## Task to carry out
Set down the material exactly as given, please, from its first line through the line that includes "X152953697Y-85667510D01*".

• • • •

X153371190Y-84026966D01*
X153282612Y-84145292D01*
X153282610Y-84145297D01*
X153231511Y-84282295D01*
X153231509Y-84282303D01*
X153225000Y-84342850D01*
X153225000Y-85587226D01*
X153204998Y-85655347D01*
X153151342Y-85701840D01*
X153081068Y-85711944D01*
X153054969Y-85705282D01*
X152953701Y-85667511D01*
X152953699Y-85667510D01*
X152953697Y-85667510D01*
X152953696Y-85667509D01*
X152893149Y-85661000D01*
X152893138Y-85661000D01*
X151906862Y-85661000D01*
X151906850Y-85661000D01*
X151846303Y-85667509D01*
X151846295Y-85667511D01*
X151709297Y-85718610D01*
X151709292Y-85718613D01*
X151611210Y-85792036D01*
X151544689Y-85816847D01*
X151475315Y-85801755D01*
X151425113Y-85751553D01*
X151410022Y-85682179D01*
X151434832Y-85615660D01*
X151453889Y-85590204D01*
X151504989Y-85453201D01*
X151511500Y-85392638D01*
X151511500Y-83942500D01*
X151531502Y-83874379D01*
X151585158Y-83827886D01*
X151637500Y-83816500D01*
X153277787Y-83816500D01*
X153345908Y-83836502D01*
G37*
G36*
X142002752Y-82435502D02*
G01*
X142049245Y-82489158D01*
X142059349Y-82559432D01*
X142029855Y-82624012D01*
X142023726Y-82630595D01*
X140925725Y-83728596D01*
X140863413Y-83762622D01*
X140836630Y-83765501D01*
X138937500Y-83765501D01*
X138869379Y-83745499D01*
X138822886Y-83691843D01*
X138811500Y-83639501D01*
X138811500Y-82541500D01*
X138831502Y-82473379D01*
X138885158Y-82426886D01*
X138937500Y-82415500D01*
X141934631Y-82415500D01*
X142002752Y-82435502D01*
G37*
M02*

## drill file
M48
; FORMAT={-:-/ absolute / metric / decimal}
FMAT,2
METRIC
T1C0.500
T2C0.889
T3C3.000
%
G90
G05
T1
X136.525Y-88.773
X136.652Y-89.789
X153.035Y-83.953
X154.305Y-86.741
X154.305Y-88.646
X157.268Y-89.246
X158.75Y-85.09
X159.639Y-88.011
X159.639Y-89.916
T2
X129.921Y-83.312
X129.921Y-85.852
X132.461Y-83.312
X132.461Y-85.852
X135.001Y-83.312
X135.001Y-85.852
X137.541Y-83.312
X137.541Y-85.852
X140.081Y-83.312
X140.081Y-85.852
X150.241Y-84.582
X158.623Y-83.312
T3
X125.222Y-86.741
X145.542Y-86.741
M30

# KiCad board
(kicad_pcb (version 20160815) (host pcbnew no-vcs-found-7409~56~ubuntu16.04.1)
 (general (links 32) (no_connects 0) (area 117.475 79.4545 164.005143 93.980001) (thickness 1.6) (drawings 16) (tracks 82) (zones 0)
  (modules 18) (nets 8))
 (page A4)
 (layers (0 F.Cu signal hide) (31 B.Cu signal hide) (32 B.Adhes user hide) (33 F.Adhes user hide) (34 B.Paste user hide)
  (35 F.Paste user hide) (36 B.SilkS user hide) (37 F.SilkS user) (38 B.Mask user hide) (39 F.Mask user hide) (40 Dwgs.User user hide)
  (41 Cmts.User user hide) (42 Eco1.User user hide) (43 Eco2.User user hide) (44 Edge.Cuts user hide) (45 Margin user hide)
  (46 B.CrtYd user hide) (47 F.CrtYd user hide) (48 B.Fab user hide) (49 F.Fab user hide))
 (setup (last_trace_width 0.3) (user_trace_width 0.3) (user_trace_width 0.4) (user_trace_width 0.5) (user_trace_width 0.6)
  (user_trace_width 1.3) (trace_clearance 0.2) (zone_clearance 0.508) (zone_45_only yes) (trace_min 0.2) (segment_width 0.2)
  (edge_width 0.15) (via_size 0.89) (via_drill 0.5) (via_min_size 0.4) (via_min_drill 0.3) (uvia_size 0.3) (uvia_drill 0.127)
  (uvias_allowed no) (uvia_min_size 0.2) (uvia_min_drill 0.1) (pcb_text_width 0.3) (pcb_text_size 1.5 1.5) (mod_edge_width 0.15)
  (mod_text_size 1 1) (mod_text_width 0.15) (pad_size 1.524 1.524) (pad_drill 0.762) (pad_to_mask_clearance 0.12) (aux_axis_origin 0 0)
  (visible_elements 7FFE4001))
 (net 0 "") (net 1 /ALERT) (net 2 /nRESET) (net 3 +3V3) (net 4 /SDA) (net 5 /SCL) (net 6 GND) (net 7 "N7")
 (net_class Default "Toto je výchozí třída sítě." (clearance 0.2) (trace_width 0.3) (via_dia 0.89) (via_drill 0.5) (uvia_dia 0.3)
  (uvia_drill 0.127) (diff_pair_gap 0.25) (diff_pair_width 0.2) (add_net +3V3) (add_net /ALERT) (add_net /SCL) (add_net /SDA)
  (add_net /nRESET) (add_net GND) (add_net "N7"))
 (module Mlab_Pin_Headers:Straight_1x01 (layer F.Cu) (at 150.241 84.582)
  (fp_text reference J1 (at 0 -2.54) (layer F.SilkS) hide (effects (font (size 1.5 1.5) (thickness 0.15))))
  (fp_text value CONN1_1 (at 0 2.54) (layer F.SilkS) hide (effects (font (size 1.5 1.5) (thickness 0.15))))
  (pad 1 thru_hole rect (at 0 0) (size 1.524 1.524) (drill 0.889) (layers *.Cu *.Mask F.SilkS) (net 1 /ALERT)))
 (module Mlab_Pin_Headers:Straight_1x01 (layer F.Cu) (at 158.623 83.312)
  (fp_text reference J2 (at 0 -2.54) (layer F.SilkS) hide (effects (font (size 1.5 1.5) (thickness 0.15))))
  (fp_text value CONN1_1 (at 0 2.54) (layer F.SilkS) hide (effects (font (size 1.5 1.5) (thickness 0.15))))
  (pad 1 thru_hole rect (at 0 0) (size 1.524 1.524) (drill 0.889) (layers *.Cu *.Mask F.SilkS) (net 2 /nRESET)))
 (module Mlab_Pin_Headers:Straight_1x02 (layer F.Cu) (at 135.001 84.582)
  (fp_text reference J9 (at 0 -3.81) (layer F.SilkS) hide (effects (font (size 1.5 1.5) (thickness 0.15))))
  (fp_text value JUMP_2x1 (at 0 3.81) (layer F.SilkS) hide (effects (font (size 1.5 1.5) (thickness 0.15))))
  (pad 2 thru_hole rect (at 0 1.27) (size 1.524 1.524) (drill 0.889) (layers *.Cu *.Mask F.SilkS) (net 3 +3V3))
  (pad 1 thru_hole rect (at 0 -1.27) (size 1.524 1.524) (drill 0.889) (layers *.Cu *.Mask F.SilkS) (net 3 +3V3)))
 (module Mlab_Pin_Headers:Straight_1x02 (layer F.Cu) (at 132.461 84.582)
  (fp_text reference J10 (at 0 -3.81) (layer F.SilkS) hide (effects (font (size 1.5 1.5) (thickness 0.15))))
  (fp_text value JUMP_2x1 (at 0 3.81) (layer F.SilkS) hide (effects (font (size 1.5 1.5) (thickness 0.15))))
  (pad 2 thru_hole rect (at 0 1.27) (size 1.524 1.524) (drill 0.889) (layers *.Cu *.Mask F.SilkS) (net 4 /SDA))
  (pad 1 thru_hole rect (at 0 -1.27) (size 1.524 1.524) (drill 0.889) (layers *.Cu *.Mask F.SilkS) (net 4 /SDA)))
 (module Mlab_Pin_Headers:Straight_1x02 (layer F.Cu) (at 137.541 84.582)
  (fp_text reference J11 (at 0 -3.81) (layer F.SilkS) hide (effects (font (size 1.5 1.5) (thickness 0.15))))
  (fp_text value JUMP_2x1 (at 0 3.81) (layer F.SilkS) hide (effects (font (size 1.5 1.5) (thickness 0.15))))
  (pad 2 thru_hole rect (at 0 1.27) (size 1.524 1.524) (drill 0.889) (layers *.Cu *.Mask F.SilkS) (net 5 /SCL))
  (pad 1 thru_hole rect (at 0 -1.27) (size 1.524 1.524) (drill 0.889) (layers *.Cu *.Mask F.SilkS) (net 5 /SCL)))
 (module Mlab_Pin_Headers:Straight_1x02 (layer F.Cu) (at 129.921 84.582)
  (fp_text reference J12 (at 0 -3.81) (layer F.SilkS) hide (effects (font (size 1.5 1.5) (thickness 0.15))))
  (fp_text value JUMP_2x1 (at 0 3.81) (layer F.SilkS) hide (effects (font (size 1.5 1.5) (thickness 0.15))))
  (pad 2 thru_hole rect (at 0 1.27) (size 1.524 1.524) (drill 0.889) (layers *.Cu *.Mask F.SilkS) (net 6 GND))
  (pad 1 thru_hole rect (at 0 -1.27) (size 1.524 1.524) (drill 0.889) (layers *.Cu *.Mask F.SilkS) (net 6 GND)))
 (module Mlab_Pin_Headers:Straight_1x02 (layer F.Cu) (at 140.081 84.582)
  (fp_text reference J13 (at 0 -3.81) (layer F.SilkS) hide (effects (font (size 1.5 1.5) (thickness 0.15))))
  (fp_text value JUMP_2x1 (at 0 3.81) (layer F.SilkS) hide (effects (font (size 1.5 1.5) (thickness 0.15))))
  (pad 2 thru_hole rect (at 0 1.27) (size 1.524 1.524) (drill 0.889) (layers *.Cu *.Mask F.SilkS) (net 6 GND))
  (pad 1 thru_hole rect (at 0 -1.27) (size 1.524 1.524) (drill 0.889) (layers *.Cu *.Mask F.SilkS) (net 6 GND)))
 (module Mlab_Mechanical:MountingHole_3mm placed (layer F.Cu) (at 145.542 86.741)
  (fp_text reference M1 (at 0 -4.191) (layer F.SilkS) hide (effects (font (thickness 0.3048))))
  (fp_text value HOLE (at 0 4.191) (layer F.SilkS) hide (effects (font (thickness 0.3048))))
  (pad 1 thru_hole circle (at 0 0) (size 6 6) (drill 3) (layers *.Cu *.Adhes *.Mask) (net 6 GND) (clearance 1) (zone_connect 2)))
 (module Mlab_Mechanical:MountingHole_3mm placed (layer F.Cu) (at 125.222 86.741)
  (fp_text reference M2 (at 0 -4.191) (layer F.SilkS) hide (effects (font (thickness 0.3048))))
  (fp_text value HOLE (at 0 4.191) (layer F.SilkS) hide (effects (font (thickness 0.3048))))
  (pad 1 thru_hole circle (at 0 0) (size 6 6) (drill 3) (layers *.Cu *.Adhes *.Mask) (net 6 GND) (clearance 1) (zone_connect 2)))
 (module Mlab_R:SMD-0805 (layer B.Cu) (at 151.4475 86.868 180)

• • • •

## Expected answer
X153371190Y-84026966D01*
X153282612Y-84145292D01*
X153282610Y-84145297D01*
X153231511Y-84282295D01*
X153231509Y-84282303D01*
X153225000Y-84342850D01*
X153225000Y-85587226D01*
X153204998Y-85655347D01*
X153151342Y-85701840D01*
X153081068Y-85711944D01*
X153054969Y-85705282D01*
X152953701Y-85667511D01*
X152953699Y-85667510D01*
X152953697Y-85667510D01*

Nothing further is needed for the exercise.